**Supplied data:**
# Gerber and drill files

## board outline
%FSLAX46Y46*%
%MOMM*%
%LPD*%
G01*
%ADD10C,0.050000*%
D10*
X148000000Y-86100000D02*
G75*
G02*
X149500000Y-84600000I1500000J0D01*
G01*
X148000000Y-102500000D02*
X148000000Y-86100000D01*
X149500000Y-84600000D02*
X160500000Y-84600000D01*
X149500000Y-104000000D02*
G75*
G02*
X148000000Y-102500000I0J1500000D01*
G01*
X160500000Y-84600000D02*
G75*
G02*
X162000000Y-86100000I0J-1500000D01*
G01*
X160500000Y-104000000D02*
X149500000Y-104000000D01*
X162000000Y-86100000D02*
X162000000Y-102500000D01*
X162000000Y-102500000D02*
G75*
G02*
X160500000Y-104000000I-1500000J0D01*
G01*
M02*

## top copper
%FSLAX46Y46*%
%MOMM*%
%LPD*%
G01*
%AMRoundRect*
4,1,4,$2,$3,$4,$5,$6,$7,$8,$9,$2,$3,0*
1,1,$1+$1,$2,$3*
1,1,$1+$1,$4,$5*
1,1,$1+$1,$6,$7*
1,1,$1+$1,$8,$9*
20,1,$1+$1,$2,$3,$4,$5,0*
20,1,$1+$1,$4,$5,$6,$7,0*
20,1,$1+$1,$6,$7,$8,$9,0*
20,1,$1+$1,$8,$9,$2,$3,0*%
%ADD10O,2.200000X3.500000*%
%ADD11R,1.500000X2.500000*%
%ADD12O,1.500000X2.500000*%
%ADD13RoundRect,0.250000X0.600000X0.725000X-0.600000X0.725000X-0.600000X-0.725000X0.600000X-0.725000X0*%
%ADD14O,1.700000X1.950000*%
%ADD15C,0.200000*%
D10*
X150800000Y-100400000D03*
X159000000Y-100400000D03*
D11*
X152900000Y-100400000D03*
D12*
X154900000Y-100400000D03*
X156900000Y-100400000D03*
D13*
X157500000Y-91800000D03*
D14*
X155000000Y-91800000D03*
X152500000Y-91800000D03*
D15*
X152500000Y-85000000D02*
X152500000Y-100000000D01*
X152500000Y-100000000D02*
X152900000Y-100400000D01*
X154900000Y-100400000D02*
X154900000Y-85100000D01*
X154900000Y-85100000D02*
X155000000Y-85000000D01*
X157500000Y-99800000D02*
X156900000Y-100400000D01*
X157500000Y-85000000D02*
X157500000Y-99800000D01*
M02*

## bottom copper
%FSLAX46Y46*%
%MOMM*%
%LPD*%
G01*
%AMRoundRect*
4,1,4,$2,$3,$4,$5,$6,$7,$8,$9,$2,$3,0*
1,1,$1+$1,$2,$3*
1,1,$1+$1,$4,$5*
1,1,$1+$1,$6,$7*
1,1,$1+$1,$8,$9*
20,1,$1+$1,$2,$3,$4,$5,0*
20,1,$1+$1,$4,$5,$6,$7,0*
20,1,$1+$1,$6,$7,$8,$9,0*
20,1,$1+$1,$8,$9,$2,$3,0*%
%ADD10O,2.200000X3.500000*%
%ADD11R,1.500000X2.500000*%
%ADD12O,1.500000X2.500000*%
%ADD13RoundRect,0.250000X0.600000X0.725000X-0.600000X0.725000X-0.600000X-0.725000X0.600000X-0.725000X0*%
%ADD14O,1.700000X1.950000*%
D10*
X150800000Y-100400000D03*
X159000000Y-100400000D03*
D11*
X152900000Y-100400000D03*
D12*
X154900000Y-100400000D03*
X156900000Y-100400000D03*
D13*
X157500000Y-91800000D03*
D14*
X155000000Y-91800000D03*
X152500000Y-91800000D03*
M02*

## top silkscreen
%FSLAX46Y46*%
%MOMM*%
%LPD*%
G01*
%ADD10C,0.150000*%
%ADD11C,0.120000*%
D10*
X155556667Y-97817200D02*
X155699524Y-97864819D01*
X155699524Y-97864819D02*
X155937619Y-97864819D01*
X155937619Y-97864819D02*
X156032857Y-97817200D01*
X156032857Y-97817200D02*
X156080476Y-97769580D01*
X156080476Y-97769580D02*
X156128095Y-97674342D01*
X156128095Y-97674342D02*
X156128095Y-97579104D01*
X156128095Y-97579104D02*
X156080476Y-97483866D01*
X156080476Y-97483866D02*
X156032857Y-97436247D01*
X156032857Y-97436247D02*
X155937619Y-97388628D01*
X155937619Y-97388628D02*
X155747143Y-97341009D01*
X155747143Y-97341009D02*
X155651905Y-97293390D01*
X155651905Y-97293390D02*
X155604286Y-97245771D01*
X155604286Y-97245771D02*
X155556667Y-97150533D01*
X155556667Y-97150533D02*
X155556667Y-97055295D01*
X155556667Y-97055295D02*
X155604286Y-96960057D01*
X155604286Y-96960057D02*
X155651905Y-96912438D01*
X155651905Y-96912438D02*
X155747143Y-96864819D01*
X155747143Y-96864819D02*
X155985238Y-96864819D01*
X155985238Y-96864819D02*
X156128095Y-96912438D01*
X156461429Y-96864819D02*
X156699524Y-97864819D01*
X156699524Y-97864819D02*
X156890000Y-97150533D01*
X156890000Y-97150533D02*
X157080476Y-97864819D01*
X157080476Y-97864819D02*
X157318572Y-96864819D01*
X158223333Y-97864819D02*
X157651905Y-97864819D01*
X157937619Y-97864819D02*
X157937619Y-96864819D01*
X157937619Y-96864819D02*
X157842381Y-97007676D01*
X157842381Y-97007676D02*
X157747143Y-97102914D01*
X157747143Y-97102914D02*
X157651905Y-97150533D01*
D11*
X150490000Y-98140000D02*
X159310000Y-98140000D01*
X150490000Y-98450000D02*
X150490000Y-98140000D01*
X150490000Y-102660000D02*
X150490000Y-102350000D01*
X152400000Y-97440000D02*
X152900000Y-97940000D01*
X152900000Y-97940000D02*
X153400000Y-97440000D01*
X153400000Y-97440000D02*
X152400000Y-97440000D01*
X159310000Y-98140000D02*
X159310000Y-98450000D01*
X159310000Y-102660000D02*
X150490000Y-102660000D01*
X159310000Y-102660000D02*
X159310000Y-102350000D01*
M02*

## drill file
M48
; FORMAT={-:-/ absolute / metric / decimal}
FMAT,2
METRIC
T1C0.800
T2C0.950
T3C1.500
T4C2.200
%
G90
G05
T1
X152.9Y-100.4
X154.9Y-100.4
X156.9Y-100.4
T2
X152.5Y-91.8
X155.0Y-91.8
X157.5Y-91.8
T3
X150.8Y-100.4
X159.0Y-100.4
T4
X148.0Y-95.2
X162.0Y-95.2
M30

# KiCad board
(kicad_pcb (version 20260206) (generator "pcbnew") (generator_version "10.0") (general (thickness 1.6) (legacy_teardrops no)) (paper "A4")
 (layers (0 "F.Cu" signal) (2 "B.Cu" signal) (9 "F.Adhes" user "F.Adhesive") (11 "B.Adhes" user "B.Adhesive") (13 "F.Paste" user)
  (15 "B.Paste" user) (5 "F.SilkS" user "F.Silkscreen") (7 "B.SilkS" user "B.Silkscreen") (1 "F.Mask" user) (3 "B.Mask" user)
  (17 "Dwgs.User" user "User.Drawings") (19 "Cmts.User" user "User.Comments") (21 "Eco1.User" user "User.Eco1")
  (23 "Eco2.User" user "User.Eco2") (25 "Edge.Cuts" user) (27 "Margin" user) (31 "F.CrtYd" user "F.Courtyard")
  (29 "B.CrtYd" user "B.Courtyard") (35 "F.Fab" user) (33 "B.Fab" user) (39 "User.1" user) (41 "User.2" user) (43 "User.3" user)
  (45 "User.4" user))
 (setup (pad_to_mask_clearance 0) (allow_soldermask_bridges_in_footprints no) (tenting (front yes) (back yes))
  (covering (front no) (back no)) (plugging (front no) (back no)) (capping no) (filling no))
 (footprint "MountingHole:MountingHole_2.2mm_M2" (layer "F.Cu") (at 162 95.2)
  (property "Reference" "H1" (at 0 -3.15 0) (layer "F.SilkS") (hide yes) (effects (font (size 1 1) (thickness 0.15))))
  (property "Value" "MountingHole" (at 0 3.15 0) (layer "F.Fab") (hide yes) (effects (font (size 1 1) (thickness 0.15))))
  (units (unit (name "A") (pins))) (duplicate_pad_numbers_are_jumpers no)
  (pad "" np_thru_hole circle (at 0 0) (size 2.2 2.2) (drill 2.2) (layers "*.Cu" "*.Mask")))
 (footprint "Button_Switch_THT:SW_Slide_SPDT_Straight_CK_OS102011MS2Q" (layer "F.Cu") (at 152.9 100.4)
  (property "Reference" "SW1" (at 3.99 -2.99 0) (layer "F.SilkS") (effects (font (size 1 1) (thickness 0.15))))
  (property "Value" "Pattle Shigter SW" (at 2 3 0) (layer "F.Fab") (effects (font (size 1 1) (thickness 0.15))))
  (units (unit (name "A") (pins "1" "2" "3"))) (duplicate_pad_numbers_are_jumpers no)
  (fp_line (start -2.41 -2.26) (end 6.41 -2.26) (stroke (width 0.12) (type solid)) (layer "F.SilkS"))
  (fp_line (start -2.41 -1.95) (end -2.41 -2.26) (stroke (width 0.12) (type solid)) (layer "F.SilkS"))
  (fp_line (start -2.41 2.26) (end -2.41 1.95) (stroke (width 0.12) (type solid)) (layer "F.SilkS"))
  (fp_line (start -0.5 -2.96) (end 0 -2.46) (stroke (width 0.12) (type solid)) (layer "F.SilkS"))
  (fp_line (start 0 -2.46) (end 0.5 -2.96) (stroke (width 0.12) (type solid)) (layer "F.SilkS"))
  (fp_line (start 0.5 -2.96) (end -0.5 -2.96) (stroke (width 0.12) (type solid)) (layer "F.SilkS"))
  (fp_line (start 6.41 -2.26) (end 6.41 -1.95) (stroke (width 0.12) (type solid)) (layer "F.SilkS"))
  (fp_line (start 6.41 2.26) (end -2.41 2.26) (stroke (width 0.12) (type solid)) (layer "F.SilkS"))
  (fp_line (start 6.41 2.26) (end 6.41 1.95) (stroke (width 0.12) (type solid)) (layer "F.SilkS"))
  (pad "" thru_hole oval (at -2.1 0) (size 2.2 3.5) (drill 1.5) (layers "*.Cu" "*.Mask") (remove_unused_layers no))
  (pad "" thru_hole oval (at 6.1 0) (size 2.2 3.5) (drill 1.5) (layers "*.Cu" "*.Mask") (remove_unused_layers no))
  (pad "1" thru_hole rect (at 0 0) (size 1.5 2.5) (drill 0.8) (layers "*.Cu" "*.Mask") (remove_unused_layers no) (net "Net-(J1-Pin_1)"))
  (pad "2" thru_hole oval (at 2 0) (size 1.5 2.5) (drill 0.8) (layers "*.Cu" "*.Mask") (remove_unused_layers no) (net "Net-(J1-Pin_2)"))
  (pad "3" thru_hole oval (at 4 0) (size 1.5 2.5) (drill 0.8) (layers "*.Cu" "*.Mask") (remove_unused_layers no) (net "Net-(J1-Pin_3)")))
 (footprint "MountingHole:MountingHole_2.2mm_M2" (layer "F.Cu") (at 148 95.2)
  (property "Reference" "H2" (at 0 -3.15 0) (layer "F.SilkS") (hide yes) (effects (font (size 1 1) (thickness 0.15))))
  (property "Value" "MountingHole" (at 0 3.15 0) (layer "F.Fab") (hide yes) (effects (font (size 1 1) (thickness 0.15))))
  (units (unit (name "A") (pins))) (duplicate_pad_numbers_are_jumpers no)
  (pad "" np_thru_hole circle (at 0 0) (size 2.2 2.2) (drill 2.2) (layers "*.Cu" "*.Mask")))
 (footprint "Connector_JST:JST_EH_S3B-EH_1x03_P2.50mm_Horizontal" (layer "B.Cu") (at 157.5 91.8 180)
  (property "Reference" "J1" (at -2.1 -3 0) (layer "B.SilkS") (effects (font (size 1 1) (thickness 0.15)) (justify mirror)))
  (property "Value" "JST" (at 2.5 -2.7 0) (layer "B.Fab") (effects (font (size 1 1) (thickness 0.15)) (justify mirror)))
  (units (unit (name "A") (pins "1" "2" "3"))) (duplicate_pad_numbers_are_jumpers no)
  (pad "1" thru_hole roundrect (at 0 0 180) (size 1.7 1.95) (drill 0.95) (layers "*.Cu" "*.Mask") (remove_unused_layers no)
   (roundrect_rratio 0.147059) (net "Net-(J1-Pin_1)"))
  (pad "2" thru_hole oval (at 2.5 0 180) (size 1.7 1.95) (drill 0.95) (layers "*.Cu" "*.Mask") (remove_unused_layers no)
   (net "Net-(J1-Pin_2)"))
  (pad "3" thru_hole oval (at 5 0 180) (size 1.7 1.95) (drill 0.95) (layers "*.Cu" "*.Mask") (remove_unused_layers no)
   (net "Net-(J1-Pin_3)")))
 (gr_arc (start 148 86.1) (mid 148.43934 85.03934) (end 149.5 84.6) (stroke (width 0.05) (type default)) (layer "Edge.Cuts"))
 (gr_line (start 148 102.5) (end 148 86.1) (stroke (width 0.05) (type default)) (layer "Edge.Cuts"))
 (gr_line (start 149.5 84.6) (end 160.5 84.6) (stroke (width 0.05) (type default)) (layer "Edge.Cuts"))
 (gr_arc (start 149.5 104) (mid 148.43934 103.56066) (end 148 102.5) (stroke (width 0.05) (type default)) (layer "Edge.Cuts"))
 (gr_arc (start 160.5 84.6) (mid 161.56066 85.03934) (end 162 86.1) (stroke (width 0.05) (type default)) (layer "Edge.Cuts"))
 (gr_line (start 160.5 104) (end 149.5 104) (stroke (width 0.05) (type default)) (layer "Edge.Cuts"))
 (gr_line (start 162 86.1) (end 162 102.5) (stroke (width 0.05) (type default)) (layer "Edge.Cuts"))
 (gr_arc (start 162 102.5) (mid 161.56066 103.56066) (end 160.5 104) (stroke (width 0.05) (type default)) (layer "Edge.Cuts"))
 (segment (start 152.5 85) (end 152.5 100) (width 0.2) (layer "F.Cu") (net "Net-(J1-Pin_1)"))
 (segment (start 152.5 100) (end 152.9 100.4) (width 0.2) (layer "F.Cu") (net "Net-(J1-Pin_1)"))
 (segment (start 154.9 100.4) (end 154.9 85.1) (width 0.2) (layer "F.Cu") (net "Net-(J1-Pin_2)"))
 (segment (start 154.9 85.1) (end 155 85) (width 0.2) (layer "F.Cu") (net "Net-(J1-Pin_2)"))
 (segment (start 157.5 99.8) (end 156.9 100.4) (width 0.2) (layer "F.Cu") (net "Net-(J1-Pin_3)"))
 (segment (start 157.5 85) (end 157.5 99.8) (width 0.2) (layer "F.Cu") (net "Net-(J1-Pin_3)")))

**Exercise requirements:**
Copy out, from the listing above, every line that contains the string "Courtyard".

**Answer for this exercise:**
  (23 "Eco2.User" user "User.Eco2") (25 "Edge.Cuts" user) (27 "Margin" user) (31 "F.CrtYd" user "F.Courtyard")
  (29 "B.CrtYd" user "B.Courtyard") (35 "F.Fab" user) (33 "B.Fab" user) (39 "User.1" user) (41 "User.2" user) (43 "User.3" user)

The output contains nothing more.